Now that Manila commentators are using “West Philippine Sea” instead of South China Sea, can China be stopped from altering its maps? While it’s obvious that the Scarborough Shoal lies just to the left of Luzon and the Spratly Islands are right next door to Palawan (and closer to Vietnam than to China), where is the United Nations’ Law of the Sea now that it’s needed? Does the wrangling just boil down to the possibility of finding oil in the disputed areas?

Is anyone concerned that the Philippine Navy is puny compared to China’s? Aren’t most of our ships and military hardware second-hand stuff, courtesy of the US government? Is the Pinoy dream of being a plucky David to China’s greedy giant realistic?

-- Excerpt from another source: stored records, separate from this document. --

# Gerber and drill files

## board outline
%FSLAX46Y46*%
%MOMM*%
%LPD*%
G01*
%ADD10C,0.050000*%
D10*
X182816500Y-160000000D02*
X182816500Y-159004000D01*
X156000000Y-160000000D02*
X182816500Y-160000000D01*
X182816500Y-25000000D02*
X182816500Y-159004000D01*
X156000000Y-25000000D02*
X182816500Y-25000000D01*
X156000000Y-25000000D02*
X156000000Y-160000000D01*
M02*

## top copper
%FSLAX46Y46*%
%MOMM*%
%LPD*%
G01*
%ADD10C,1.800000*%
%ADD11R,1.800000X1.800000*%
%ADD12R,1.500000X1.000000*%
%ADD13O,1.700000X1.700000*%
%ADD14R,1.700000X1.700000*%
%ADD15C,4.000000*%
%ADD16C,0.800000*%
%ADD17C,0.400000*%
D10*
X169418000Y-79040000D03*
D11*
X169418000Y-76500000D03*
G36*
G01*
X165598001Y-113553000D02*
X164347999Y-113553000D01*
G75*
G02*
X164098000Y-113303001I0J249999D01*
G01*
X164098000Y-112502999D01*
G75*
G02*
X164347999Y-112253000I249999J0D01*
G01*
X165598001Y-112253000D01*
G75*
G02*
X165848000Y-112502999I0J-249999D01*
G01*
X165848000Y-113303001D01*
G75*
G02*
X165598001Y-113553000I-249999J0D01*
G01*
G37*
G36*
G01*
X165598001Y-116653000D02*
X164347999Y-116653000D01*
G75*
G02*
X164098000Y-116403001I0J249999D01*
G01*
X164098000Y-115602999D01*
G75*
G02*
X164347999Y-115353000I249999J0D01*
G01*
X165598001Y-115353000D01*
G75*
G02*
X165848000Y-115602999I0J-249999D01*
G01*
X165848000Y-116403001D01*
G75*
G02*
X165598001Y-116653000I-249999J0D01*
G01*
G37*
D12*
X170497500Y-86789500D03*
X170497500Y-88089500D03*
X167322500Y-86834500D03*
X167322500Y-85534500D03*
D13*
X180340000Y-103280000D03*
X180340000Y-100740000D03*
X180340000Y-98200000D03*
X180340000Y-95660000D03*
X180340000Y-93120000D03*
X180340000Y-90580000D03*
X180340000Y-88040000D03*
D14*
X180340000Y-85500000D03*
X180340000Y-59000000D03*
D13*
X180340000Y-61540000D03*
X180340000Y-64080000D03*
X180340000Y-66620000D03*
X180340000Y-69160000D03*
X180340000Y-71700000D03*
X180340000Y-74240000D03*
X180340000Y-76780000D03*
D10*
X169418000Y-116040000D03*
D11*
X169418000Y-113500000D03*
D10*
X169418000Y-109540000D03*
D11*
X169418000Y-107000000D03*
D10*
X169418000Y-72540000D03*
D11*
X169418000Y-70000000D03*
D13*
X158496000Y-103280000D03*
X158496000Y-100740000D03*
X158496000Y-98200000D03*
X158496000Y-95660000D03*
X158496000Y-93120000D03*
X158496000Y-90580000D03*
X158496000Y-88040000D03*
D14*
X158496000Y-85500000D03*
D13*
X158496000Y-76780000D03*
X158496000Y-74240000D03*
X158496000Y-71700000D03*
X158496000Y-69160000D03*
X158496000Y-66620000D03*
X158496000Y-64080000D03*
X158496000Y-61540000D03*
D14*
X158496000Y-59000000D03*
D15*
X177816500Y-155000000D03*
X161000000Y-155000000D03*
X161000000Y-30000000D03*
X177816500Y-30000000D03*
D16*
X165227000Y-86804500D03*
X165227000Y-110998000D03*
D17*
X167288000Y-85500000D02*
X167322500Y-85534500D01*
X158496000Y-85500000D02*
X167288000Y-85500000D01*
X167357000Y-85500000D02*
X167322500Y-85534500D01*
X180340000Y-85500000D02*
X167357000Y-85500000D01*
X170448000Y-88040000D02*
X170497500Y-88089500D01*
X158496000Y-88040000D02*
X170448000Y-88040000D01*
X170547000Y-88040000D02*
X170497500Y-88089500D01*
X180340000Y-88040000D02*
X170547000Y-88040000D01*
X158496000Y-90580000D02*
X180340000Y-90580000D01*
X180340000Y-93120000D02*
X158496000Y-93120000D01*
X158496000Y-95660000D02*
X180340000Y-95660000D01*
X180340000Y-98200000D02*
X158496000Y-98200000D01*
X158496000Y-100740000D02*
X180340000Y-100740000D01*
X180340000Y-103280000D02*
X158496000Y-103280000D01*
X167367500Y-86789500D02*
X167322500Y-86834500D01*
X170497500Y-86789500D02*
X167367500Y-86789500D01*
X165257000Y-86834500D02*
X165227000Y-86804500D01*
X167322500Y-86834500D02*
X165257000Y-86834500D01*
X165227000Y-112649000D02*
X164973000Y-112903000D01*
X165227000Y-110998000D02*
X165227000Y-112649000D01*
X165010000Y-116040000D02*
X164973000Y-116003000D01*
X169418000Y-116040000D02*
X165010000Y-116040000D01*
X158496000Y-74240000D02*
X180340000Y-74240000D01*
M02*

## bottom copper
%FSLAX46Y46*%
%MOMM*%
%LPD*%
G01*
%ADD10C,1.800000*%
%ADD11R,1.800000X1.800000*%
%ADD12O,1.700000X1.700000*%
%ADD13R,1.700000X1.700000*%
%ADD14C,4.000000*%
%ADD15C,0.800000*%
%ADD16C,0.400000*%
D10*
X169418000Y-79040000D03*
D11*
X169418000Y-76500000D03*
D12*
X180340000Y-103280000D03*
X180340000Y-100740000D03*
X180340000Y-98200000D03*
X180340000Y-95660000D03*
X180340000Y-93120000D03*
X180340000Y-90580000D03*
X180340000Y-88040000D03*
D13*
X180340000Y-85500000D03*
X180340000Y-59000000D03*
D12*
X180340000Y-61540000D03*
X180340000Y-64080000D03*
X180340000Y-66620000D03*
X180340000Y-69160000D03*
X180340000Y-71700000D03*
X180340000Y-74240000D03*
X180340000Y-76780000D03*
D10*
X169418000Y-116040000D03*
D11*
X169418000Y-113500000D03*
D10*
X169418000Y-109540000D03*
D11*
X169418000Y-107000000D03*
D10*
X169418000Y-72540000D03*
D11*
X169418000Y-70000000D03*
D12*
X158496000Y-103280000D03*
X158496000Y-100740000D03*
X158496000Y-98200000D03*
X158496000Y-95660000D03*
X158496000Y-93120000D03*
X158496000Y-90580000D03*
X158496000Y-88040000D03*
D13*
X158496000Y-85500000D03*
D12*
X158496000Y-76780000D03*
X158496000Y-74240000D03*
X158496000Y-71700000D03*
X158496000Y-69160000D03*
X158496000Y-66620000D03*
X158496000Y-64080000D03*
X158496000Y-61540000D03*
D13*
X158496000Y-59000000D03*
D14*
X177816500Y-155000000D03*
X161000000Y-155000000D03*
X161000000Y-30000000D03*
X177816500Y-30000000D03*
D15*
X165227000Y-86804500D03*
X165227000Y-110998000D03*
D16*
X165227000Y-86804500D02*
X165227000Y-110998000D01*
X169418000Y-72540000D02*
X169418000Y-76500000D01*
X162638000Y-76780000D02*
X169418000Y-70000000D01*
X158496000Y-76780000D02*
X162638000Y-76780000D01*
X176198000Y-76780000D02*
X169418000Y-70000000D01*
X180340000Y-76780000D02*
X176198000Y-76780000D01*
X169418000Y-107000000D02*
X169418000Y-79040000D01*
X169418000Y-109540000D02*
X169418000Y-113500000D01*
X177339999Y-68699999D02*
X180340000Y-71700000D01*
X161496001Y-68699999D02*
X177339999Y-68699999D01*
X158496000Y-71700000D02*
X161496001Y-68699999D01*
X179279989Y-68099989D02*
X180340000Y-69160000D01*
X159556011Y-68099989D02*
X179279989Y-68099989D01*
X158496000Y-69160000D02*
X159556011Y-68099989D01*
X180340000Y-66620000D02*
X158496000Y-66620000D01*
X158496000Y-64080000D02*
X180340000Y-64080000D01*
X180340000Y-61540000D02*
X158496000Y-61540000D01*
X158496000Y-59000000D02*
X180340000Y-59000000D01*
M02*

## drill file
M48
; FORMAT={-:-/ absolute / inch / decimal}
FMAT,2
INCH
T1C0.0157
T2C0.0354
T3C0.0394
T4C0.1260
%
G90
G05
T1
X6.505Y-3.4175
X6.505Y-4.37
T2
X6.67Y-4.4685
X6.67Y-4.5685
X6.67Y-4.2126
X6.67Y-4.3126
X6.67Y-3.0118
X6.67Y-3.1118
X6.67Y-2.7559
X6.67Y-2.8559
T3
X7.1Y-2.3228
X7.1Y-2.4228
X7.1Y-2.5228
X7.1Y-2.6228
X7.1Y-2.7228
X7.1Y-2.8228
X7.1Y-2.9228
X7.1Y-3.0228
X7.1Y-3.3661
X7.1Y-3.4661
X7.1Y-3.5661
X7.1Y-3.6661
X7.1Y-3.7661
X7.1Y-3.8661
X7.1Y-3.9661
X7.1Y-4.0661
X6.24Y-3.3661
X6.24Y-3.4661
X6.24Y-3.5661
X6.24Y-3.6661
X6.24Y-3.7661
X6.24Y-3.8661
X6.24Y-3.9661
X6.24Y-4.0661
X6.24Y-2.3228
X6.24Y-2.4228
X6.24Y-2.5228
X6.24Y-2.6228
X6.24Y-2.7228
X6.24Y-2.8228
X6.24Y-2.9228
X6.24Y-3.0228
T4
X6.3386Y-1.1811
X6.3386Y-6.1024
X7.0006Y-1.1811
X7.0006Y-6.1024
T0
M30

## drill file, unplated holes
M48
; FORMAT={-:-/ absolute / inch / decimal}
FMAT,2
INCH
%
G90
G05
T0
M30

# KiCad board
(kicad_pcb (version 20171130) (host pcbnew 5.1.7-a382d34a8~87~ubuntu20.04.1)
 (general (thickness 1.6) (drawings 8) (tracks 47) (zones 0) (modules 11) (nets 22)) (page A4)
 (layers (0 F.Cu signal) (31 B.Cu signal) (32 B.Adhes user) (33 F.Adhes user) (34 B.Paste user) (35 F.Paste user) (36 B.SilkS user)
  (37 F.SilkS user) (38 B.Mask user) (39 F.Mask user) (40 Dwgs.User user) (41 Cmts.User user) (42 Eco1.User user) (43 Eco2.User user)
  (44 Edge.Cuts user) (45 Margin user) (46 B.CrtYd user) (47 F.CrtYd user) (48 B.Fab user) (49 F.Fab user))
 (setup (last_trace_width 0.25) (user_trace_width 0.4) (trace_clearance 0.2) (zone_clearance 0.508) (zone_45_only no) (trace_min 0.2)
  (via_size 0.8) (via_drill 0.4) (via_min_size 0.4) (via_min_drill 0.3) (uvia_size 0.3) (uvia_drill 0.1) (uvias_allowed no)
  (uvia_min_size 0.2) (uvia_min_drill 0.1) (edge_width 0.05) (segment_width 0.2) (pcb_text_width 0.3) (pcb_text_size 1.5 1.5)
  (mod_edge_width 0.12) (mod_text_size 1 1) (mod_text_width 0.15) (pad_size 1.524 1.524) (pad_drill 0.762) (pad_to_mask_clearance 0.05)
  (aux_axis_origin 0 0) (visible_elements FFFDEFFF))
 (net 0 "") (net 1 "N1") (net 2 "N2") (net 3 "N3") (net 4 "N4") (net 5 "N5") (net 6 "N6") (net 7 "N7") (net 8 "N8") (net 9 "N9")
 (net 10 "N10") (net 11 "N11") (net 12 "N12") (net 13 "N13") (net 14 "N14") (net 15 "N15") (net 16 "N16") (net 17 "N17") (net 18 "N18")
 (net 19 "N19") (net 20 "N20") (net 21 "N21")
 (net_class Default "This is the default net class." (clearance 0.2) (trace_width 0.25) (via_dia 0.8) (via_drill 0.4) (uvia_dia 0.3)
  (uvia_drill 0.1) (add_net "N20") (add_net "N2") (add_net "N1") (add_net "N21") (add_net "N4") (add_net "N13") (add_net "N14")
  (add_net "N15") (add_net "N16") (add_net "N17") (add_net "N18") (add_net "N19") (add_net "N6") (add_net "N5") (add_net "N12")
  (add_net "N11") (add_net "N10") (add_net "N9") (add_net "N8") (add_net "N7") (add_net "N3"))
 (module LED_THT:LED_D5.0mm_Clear (layer F.Cu) (at 169.418 76.5 270)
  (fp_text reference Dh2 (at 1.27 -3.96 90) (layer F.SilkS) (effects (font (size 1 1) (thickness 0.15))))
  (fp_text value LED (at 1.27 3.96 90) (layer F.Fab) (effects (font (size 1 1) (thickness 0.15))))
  (pad 2 thru_hole circle (at 2.54 0 270) (size 1.8 1.8) (drill 0.9) (layers *.Cu *.Mask) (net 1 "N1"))
  (pad 1 thru_hole rect (at 0 0 270) (size 1.8 1.8) (drill 0.9) (layers *.Cu *.Mask) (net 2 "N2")))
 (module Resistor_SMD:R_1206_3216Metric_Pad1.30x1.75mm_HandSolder (layer F.Cu) (at 164.973 114.453 90)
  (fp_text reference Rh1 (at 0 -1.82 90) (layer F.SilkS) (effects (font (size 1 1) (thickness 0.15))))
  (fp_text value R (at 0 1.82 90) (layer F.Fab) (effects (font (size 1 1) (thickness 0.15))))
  (pad 2 smd roundrect (at 1.55 0 90) (size 1.3 1.75) (layers F.Cu F.Paste F.Mask) (roundrect_rratio 0.1923076923076923) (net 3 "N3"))
  (pad 1 smd roundrect (at -1.55 0 90) (size 1.3 1.75) (layers F.Cu F.Paste F.Mask) (roundrect_rratio 0.1923076923076923) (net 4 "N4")))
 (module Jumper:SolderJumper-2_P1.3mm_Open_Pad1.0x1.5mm (layer F.Cu) (at 170.4975 87.4395 270)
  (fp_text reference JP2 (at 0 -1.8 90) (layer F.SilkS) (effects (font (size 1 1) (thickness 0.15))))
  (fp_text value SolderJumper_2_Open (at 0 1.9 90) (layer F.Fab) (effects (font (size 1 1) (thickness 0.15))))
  (pad 1 smd rect (at -0.65 0 270) (size 1 1.5) (layers F.Cu F.Mask) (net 3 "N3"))
  (pad 2 smd rect (at 0.65 0 270) (size 1 1.5) (layers F.Cu F.Mask) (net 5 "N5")))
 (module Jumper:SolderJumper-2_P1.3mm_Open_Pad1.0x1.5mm (layer F.Cu) (at 167.3225 86.1845 90)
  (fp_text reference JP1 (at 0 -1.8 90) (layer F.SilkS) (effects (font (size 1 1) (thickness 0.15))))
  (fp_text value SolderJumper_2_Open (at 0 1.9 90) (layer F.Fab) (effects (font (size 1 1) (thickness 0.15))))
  (pad 1 smd rect (at -0.65 0 90) (size 1 1.5) (layers F.Cu F.Mask) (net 3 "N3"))
  (pad 2 smd rect (at 0.65 0 90) (size 1 1.5) (layers F.Cu F.Mask) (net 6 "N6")))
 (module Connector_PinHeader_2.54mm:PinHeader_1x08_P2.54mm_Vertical (layer F.Cu) (at 180.34 85.5)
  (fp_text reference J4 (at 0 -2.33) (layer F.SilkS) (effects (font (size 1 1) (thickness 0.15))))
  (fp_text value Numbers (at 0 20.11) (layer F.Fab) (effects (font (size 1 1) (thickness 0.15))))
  (pad 8 thru_hole oval (at 0 17.78) (size 1.7 1.7) (drill 1) (layers *.Cu *.Mask) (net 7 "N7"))
  (pad 7 thru_hole oval (at 0 15.24) (size 1.7 1.7) (drill 1) (layers *.Cu *.Mask) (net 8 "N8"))
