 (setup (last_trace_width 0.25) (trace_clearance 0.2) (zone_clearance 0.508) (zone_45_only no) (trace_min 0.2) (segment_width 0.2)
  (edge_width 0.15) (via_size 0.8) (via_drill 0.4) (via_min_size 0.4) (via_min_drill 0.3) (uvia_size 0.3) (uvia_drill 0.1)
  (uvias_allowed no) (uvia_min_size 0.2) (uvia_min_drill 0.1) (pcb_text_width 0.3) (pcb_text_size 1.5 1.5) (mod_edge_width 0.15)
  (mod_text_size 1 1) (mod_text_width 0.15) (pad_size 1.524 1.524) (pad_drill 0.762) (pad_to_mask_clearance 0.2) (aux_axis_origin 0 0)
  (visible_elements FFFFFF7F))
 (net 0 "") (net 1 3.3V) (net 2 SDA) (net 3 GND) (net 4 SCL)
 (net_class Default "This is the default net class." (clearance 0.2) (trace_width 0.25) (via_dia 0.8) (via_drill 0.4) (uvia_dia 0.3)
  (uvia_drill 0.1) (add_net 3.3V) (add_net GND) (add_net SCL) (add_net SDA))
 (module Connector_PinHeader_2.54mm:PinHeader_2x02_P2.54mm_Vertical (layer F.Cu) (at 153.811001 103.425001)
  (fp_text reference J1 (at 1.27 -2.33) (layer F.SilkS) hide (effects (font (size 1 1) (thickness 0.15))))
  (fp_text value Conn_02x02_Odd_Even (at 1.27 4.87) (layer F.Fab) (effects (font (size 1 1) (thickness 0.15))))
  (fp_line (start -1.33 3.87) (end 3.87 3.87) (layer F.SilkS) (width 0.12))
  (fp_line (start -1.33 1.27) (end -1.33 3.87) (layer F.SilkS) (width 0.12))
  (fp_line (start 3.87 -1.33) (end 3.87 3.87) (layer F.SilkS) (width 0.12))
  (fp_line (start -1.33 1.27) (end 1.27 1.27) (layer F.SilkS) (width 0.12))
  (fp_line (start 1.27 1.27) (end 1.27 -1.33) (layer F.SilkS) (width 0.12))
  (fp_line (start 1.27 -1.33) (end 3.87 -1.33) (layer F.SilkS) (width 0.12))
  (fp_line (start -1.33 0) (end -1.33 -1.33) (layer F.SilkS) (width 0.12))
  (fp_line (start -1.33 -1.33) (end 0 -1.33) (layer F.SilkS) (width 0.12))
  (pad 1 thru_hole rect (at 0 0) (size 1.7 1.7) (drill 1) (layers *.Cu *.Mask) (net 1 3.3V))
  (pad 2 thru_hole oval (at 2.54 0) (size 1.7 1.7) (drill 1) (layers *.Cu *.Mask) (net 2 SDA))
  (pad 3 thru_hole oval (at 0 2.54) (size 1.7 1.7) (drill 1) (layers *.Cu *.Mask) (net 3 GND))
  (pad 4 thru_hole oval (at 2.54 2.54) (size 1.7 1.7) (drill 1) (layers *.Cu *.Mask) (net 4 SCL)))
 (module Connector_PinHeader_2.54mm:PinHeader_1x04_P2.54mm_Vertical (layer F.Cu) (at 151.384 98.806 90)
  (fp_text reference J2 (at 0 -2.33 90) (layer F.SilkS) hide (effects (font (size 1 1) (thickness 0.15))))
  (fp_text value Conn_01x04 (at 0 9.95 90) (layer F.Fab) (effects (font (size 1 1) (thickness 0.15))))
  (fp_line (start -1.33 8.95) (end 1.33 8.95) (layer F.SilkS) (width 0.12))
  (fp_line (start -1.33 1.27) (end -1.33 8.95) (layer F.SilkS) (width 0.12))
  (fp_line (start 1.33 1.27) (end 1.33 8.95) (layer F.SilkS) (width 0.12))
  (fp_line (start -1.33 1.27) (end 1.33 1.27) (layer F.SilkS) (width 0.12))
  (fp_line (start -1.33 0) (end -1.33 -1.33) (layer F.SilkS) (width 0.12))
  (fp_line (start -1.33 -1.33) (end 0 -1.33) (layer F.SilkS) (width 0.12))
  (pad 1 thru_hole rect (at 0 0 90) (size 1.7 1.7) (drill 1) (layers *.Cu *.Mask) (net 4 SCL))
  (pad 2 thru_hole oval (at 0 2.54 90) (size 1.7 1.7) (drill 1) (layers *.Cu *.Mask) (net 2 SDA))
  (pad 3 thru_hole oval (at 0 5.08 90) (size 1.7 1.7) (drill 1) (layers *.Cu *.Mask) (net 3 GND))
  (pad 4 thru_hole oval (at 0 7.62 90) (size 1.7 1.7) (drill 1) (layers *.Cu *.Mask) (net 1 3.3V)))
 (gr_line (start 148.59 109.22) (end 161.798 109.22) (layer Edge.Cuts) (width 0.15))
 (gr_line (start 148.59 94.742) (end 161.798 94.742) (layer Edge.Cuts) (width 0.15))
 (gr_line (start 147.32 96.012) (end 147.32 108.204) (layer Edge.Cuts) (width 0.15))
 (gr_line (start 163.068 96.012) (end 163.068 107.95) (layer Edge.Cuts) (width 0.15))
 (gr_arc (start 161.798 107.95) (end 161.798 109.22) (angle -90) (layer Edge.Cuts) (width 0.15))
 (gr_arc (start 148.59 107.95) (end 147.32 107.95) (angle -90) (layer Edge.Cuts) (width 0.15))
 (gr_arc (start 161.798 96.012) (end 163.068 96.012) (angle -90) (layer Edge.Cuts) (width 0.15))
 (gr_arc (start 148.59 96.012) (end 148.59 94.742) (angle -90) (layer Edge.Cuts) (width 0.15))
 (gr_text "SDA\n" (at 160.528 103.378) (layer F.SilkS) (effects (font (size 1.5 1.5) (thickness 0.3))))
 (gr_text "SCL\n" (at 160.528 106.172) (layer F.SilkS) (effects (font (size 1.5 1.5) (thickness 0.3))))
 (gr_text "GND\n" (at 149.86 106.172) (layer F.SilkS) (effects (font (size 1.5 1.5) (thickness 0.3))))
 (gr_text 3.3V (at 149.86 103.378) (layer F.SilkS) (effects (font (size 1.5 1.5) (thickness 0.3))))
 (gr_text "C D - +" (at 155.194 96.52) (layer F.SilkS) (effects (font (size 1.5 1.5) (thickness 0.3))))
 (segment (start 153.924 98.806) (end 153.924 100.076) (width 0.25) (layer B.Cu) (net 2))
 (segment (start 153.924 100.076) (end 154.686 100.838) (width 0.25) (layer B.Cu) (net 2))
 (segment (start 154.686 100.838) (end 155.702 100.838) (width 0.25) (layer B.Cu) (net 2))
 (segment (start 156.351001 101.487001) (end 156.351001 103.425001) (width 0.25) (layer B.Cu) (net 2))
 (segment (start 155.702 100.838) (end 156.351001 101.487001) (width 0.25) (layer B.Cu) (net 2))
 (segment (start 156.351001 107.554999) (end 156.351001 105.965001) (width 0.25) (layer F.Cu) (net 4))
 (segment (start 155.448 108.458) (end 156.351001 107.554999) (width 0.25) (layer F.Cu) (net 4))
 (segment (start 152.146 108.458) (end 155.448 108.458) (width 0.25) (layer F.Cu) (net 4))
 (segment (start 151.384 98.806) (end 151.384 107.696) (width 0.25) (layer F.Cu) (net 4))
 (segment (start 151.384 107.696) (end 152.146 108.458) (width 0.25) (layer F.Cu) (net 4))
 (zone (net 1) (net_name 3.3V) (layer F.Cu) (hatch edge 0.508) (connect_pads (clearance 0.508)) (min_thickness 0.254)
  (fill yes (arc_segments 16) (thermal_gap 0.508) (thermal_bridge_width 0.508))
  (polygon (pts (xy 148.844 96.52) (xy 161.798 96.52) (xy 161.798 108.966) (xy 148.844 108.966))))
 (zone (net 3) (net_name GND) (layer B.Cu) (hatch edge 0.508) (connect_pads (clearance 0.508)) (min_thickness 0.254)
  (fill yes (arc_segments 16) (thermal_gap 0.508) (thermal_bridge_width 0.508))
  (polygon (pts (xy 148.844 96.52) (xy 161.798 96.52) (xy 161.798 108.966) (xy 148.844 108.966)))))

Wasn’t it another Chinese blogger who said that if every Chinese person spat, the Philippines would drown? Didn’t that remind me of finding, when I first came to Hong Kong in the early 1980s, the locals spitting everywhere? Didn’t the British colony then seem like one big spittoon? Wasn’t it the late writer Anthony Burgess who described hawking and spitting as “the national sound” made by overseas Chinese?

Didn’t my late mother tell us stories about her Chinoy lolo who washed up in Tayabas from impoverished Amoy, cut off his queue, changed his name to Samson and learned to speak Spanish? Didn’t he do well by marrying a savvy Pinay, setting up a business and producing 10 children—one of them my grandmother who spoke and sang beautiful Spanish?

Will the verbal assaults keep ricocheting across the ocean while politicians on both sides ignore more pressing problems on land? Is the issue more about human perversity than nationalist pride? Who knows?

Isabel Escoda is a freelance journalist based in Hong Kong.